::: Data provided :::

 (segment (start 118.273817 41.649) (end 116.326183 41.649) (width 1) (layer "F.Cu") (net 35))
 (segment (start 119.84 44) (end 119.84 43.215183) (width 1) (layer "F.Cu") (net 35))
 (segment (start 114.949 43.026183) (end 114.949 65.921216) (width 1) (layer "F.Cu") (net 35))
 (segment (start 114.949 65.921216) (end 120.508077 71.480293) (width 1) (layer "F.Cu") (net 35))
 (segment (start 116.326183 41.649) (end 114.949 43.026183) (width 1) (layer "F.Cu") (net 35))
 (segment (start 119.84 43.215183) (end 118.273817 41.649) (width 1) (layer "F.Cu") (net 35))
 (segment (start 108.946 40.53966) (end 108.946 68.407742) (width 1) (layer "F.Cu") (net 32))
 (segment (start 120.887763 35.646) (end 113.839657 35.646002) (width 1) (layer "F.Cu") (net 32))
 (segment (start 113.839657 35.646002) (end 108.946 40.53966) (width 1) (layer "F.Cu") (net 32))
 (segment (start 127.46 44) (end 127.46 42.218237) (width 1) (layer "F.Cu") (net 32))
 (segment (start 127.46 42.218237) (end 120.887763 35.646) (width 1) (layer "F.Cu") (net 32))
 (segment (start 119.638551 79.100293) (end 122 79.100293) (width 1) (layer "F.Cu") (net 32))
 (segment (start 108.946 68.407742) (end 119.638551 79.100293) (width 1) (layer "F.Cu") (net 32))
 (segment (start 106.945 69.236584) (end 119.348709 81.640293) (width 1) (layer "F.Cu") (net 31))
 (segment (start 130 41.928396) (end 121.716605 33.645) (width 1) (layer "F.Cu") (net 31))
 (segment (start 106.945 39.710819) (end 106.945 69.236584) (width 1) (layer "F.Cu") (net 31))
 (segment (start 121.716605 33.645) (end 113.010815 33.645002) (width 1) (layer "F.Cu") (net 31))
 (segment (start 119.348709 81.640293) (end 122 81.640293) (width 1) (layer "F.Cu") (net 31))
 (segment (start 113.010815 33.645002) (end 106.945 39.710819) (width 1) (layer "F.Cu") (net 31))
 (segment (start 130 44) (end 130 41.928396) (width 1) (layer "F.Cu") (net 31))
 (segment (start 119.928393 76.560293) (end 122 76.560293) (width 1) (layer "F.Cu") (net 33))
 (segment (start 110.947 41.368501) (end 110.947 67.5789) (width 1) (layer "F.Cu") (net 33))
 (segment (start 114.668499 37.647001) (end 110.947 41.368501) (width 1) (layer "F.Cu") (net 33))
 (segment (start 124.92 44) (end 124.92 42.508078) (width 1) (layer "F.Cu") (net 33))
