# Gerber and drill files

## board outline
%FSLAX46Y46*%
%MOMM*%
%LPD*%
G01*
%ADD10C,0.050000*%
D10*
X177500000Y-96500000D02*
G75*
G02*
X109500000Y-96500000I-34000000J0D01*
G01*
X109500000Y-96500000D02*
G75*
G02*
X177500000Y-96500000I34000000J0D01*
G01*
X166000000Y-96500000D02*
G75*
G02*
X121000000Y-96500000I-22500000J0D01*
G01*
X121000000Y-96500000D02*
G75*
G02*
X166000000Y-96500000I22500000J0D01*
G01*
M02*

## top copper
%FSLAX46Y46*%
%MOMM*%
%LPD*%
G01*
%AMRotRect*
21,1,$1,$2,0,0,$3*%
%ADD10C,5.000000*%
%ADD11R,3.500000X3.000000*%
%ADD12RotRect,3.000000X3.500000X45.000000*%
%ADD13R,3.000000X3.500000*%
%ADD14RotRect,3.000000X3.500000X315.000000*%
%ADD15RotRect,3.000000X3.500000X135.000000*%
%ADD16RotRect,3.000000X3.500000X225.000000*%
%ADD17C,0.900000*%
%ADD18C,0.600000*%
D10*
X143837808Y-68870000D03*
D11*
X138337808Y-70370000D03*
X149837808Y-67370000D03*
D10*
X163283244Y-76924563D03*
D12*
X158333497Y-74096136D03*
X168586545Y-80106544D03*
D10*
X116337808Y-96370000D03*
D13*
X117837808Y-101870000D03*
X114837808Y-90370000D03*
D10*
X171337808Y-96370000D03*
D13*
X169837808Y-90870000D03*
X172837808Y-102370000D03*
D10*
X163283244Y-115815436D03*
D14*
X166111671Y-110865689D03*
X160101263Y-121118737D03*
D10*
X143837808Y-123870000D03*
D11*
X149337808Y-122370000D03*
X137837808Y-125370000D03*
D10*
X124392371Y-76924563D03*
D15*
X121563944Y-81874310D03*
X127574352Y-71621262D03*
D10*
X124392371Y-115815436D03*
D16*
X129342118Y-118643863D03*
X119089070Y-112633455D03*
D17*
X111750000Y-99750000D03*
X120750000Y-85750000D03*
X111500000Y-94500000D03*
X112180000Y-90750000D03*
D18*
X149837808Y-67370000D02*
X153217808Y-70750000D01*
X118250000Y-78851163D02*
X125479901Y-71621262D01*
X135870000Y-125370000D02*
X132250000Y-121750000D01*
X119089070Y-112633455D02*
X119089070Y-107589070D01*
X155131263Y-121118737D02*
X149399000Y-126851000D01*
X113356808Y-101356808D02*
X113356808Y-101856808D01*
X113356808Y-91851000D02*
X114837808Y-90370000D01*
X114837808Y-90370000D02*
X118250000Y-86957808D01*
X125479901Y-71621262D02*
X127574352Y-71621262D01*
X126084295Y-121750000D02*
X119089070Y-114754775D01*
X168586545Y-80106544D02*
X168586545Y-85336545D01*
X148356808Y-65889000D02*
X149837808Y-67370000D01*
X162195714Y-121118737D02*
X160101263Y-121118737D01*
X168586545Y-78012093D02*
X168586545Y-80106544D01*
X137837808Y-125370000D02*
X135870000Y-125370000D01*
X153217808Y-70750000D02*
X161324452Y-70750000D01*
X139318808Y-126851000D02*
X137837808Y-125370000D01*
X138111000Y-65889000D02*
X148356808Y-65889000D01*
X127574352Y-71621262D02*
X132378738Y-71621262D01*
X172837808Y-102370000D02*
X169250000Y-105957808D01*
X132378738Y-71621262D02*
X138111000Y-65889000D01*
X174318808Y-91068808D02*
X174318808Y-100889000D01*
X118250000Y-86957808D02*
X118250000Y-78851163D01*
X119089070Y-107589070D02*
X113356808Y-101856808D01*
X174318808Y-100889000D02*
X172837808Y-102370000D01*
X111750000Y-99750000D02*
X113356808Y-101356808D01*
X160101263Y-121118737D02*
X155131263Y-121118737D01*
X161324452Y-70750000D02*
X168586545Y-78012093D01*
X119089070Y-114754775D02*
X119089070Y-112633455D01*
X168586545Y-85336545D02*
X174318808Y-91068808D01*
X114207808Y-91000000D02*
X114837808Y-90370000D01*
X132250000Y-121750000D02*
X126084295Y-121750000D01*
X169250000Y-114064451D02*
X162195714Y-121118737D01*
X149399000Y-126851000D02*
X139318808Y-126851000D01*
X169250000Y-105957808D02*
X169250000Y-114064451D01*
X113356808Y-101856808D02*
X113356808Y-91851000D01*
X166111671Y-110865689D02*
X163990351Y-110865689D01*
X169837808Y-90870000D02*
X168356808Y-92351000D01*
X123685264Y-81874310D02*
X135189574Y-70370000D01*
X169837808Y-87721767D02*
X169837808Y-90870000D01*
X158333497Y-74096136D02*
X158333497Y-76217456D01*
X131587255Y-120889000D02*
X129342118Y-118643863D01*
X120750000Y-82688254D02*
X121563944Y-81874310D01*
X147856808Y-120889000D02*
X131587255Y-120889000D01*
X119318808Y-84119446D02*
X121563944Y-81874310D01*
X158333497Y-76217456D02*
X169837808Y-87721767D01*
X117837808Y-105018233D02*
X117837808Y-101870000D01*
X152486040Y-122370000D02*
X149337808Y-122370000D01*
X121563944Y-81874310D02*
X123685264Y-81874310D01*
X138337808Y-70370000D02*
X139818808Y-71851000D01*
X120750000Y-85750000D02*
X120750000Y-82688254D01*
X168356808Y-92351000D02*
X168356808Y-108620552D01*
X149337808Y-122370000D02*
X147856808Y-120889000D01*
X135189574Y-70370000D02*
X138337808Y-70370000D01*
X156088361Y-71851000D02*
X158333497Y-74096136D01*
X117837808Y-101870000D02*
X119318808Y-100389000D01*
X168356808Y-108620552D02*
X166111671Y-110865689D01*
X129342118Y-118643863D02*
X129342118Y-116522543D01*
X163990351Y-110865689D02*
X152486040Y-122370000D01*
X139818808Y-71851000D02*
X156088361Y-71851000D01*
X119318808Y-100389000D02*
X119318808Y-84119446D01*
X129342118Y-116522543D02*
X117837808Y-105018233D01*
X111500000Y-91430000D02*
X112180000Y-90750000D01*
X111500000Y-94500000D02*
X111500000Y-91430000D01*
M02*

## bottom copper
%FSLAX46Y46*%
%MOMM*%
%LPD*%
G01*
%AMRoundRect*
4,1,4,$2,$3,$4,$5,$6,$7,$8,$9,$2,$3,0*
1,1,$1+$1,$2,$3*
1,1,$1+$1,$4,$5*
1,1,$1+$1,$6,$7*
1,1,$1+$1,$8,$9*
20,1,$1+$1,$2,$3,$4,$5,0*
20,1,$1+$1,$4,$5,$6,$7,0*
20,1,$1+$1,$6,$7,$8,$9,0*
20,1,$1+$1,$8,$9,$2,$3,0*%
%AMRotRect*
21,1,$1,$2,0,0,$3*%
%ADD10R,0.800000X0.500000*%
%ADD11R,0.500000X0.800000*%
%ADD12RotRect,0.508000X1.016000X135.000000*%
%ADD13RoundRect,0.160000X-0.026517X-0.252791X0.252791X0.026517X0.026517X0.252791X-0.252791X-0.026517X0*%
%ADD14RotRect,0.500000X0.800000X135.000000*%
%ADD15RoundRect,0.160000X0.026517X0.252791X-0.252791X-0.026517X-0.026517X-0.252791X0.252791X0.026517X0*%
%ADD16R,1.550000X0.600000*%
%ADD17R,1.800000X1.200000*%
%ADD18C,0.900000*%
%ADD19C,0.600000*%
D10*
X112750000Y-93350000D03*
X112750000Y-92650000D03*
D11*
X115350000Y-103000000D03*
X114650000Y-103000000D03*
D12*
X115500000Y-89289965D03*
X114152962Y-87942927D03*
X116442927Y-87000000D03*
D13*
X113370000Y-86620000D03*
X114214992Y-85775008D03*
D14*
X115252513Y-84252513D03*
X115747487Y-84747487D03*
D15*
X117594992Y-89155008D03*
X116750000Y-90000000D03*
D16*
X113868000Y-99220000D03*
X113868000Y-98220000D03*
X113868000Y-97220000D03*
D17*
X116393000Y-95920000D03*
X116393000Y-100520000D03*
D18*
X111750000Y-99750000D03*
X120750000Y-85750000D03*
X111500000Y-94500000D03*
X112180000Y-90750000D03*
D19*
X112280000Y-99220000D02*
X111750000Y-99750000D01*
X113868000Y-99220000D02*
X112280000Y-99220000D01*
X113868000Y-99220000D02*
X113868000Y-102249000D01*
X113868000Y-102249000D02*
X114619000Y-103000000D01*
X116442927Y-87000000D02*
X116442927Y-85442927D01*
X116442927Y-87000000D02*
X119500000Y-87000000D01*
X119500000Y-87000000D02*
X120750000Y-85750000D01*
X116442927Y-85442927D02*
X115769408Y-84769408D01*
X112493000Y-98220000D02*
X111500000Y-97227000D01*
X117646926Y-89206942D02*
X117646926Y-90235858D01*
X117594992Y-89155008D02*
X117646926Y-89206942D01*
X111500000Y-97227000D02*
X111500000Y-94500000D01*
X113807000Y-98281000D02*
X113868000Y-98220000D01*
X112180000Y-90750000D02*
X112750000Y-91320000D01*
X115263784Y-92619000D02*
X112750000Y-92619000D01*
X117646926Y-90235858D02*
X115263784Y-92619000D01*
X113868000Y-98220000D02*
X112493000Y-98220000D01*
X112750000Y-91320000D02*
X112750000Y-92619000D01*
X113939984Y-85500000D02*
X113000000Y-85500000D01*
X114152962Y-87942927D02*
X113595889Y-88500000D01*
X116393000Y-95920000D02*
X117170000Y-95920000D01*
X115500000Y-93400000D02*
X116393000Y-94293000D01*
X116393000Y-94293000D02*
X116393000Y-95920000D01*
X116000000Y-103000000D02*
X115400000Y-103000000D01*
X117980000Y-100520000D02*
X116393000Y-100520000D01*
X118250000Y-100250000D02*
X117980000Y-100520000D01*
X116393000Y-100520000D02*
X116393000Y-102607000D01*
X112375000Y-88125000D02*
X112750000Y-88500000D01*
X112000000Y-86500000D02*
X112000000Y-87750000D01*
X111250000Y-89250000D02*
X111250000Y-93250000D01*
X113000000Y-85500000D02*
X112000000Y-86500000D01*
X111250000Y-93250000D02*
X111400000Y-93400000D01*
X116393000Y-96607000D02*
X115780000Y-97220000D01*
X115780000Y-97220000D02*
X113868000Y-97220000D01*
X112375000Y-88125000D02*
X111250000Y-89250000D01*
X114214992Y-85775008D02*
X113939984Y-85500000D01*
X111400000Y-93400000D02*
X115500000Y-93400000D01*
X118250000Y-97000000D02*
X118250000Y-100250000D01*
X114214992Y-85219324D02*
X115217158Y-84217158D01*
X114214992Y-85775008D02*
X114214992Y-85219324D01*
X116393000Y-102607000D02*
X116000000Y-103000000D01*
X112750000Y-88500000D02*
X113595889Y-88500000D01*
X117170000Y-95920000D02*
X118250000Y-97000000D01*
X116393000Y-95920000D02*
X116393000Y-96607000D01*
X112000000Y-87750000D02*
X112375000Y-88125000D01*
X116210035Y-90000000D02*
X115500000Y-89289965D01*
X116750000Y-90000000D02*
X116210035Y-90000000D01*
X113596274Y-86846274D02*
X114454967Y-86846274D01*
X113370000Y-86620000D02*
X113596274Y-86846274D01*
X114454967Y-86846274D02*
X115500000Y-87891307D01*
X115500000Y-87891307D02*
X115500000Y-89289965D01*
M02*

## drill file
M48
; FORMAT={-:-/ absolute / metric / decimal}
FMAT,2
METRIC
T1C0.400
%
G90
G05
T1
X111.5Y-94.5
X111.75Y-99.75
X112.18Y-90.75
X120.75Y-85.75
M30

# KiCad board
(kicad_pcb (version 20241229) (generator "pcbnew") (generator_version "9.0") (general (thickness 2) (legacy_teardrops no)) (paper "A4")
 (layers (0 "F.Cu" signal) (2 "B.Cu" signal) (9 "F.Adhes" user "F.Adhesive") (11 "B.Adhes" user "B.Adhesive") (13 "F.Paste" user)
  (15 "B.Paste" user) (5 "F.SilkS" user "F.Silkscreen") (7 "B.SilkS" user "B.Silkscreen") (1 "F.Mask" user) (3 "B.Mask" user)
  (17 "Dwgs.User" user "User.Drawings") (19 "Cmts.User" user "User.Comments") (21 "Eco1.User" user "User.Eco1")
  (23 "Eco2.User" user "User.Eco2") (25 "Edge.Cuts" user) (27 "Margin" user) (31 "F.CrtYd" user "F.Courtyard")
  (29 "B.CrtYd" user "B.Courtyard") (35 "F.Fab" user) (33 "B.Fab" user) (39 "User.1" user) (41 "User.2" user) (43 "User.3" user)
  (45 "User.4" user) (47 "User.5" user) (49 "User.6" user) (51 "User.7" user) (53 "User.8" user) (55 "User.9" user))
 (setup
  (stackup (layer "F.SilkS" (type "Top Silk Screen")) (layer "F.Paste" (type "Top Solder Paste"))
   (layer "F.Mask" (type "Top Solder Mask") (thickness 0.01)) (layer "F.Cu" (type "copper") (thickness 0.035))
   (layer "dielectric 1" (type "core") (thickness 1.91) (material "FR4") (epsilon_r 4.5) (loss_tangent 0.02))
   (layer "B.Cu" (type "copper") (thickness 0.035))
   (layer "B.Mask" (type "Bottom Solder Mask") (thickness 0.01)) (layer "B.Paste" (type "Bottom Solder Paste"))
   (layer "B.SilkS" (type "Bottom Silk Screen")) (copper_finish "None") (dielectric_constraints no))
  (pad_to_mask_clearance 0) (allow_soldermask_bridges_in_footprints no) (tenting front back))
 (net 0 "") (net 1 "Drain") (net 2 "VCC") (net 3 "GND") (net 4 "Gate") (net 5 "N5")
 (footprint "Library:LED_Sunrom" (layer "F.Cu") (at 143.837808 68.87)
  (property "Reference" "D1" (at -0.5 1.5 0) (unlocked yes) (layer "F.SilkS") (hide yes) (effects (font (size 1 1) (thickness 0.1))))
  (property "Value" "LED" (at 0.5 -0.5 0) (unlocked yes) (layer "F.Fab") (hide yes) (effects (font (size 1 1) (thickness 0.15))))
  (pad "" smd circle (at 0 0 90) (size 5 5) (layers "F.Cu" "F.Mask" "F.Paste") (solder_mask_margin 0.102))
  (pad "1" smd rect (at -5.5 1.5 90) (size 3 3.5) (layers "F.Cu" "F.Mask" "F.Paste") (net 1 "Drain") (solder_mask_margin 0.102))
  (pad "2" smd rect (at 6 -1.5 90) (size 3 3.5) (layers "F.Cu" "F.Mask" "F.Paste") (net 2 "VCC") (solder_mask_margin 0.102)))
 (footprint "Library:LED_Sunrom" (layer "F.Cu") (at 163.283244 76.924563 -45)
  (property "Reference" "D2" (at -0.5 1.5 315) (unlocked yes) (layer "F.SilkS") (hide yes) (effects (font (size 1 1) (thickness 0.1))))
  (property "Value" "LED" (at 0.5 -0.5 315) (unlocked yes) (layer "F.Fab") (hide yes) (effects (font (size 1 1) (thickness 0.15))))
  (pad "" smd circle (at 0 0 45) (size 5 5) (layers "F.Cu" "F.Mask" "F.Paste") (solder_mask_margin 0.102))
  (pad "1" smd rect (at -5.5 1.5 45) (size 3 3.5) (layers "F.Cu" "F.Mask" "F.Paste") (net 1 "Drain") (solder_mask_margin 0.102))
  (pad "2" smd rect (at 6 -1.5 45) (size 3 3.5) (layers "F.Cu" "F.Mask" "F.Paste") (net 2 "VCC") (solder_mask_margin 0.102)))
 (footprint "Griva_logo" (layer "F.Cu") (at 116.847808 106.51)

:::
::: Data provided :::

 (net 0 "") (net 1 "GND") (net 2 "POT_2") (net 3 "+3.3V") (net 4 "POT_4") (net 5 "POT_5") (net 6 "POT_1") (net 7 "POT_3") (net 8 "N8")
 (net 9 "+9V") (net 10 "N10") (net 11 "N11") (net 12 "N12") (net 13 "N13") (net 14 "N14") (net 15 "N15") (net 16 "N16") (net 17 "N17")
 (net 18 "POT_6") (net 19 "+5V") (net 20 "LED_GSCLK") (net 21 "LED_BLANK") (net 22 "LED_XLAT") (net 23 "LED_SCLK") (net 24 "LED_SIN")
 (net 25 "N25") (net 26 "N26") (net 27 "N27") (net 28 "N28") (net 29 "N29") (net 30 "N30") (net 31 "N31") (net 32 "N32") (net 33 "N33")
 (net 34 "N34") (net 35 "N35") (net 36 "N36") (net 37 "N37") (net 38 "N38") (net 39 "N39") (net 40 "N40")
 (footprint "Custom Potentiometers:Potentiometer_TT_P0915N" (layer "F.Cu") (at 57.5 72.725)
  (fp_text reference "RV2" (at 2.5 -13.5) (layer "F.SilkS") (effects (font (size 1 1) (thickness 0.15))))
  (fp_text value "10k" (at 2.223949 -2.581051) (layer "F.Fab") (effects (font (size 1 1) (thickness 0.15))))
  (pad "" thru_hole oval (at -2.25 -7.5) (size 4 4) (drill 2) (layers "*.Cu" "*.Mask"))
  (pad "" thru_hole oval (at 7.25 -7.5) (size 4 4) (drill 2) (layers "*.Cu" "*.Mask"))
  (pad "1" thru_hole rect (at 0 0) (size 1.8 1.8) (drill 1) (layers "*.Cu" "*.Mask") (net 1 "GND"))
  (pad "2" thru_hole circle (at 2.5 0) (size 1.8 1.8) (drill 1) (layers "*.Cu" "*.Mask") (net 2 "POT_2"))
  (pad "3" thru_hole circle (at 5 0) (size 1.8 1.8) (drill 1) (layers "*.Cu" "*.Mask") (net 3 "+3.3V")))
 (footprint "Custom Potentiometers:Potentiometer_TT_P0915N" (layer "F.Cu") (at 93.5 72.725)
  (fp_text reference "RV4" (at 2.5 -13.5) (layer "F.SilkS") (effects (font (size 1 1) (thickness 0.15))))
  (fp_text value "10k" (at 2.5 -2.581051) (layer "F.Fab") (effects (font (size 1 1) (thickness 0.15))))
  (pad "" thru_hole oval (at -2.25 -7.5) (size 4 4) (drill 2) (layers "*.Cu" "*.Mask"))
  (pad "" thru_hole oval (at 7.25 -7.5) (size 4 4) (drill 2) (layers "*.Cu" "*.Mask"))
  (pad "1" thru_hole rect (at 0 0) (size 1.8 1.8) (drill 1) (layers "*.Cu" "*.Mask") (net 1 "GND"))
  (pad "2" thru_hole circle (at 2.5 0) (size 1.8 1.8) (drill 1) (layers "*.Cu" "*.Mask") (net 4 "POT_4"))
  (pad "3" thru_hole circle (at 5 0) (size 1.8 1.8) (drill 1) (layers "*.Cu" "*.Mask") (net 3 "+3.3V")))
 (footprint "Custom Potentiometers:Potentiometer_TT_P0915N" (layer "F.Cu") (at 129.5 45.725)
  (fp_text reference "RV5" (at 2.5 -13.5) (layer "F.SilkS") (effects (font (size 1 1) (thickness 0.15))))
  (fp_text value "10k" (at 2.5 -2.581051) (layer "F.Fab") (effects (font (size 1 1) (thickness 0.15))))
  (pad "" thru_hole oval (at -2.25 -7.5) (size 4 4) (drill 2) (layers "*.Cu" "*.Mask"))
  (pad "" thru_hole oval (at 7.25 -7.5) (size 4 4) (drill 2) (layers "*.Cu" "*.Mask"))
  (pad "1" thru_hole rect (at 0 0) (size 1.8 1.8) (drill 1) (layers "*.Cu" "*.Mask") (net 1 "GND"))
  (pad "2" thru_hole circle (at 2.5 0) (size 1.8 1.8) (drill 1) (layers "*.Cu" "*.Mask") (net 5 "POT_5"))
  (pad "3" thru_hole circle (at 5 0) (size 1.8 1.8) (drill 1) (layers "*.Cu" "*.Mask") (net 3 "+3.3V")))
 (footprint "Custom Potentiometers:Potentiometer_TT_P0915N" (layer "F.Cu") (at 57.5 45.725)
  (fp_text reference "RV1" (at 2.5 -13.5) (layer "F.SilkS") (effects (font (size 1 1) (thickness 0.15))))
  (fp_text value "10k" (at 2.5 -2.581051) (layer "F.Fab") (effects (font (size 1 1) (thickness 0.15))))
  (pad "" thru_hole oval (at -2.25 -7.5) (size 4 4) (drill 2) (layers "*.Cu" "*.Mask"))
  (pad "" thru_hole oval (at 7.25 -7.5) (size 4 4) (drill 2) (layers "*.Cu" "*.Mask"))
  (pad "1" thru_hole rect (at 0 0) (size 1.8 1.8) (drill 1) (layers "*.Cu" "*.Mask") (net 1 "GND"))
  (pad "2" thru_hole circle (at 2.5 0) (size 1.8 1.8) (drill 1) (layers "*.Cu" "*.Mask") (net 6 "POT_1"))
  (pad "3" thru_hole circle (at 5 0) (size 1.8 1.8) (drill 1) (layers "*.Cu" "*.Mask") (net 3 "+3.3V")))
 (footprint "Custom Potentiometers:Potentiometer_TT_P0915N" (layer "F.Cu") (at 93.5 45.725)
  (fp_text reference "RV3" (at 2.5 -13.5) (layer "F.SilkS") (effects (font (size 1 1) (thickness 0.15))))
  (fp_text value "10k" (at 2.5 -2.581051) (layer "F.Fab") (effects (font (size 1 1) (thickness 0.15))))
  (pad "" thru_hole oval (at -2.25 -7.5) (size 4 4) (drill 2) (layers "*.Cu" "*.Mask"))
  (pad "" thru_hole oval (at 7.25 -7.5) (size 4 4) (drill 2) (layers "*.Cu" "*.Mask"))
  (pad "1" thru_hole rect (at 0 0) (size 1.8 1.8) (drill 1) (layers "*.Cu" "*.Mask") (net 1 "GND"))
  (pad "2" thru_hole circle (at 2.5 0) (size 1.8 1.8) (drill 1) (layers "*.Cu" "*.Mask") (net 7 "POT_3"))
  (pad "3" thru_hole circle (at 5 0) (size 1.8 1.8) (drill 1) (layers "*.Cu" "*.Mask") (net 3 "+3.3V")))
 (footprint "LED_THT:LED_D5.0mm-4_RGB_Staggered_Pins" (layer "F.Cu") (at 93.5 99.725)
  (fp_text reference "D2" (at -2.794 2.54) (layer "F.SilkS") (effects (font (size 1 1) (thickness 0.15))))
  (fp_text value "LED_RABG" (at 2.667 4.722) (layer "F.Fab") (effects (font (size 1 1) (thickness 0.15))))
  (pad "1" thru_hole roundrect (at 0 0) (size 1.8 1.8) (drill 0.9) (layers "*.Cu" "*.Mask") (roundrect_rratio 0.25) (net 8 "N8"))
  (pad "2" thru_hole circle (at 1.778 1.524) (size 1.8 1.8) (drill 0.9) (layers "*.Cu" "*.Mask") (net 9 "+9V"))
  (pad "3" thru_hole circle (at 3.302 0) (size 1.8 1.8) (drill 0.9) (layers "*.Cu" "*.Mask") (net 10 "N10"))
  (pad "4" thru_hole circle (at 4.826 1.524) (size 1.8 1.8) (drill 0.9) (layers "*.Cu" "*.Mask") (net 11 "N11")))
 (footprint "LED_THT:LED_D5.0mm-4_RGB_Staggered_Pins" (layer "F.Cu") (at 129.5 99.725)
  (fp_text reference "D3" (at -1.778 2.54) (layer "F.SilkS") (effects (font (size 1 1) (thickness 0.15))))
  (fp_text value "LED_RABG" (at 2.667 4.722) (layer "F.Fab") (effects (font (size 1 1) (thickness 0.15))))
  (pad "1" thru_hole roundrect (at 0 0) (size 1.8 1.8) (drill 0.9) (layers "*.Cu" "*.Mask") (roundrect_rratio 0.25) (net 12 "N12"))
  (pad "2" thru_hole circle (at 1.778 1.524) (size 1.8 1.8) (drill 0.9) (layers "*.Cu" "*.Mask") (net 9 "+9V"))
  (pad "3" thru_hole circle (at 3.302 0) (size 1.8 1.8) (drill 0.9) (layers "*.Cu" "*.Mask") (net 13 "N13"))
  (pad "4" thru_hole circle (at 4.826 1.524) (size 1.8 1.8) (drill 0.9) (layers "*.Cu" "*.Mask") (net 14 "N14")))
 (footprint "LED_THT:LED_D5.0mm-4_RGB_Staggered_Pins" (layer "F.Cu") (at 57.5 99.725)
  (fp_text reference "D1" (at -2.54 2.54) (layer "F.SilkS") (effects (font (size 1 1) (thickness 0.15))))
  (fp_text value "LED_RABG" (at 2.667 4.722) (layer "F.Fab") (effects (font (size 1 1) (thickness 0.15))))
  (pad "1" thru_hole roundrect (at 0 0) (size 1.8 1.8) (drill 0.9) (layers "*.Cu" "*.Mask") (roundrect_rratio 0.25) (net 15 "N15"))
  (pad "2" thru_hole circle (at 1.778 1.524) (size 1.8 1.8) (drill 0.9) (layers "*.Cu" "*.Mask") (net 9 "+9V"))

:::

| What you are asked to do |
Everything above from the line containing "(segment (start 118.273817" through the line containing "(segment (start 119.348709" must be copied exactly. Nothing outside that range belongs in the answer.

| Result |
 (segment (start 118.273817 41.649) (end 116.326183 41.649) (width 1) (layer "F.Cu") (net 35))
 (segment (start 119.84 44) (end 119.84 43.215183) (width 1) (layer "F.Cu") (net 35))
 (segment (start 114.949 43.026183) (end 114.949 65.921216) (width 1) (layer "F.Cu") (net 35))
 (segment (start 114.949 65.921216) (end 120.508077 71.480293) (width 1) (layer "F.Cu") (net 35))
 (segment (start 116.326183 41.649) (end 114.949 43.026183) (width 1) (layer "F.Cu") (net 35))
 (segment (start 119.84 43.215183) (end 118.273817 41.649) (width 1) (layer "F.Cu") (net 35))
 (segment (start 108.946 40.53966) (end 108.946 68.407742) (width 1) (layer "F.Cu") (net 32))
 (segment (start 120.887763 35.646) (end 113.839657 35.646002) (width 1) (layer "F.Cu") (net 32))
 (segment (start 113.839657 35.646002) (end 108.946 40.53966) (width 1) (layer "F.Cu") (net 32))
 (segment (start 127.46 44) (end 127.46 42.218237) (width 1) (layer "F.Cu") (net 32))
 (segment (start 127.46 42.218237) (end 120.887763 35.646) (width 1) (layer "F.Cu") (net 32))
 (segment (start 119.638551 79.100293) (end 122 79.100293) (width 1) (layer "F.Cu") (net 32))
 (segment (start 108.946 68.407742) (end 119.638551 79.100293) (width 1) (layer "F.Cu") (net 32))
 (segment (start 106.945 69.236584) (end 119.348709 81.640293) (width 1) (layer "F.Cu") (net 31))
 (segment (start 130 41.928396) (end 121.716605 33.645) (width 1) (layer "F.Cu") (net 31))
 (segment (start 106.945 39.710819) (end 106.945 69.236584) (width 1) (layer "F.Cu") (net 31))
 (segment (start 121.716605 33.645) (end 113.010815 33.645002) (width 1) (layer "F.Cu") (net 31))
 (segment (start 119.348709 81.640293) (end 122 81.640293) (width 1) (layer "F.Cu") (net 31))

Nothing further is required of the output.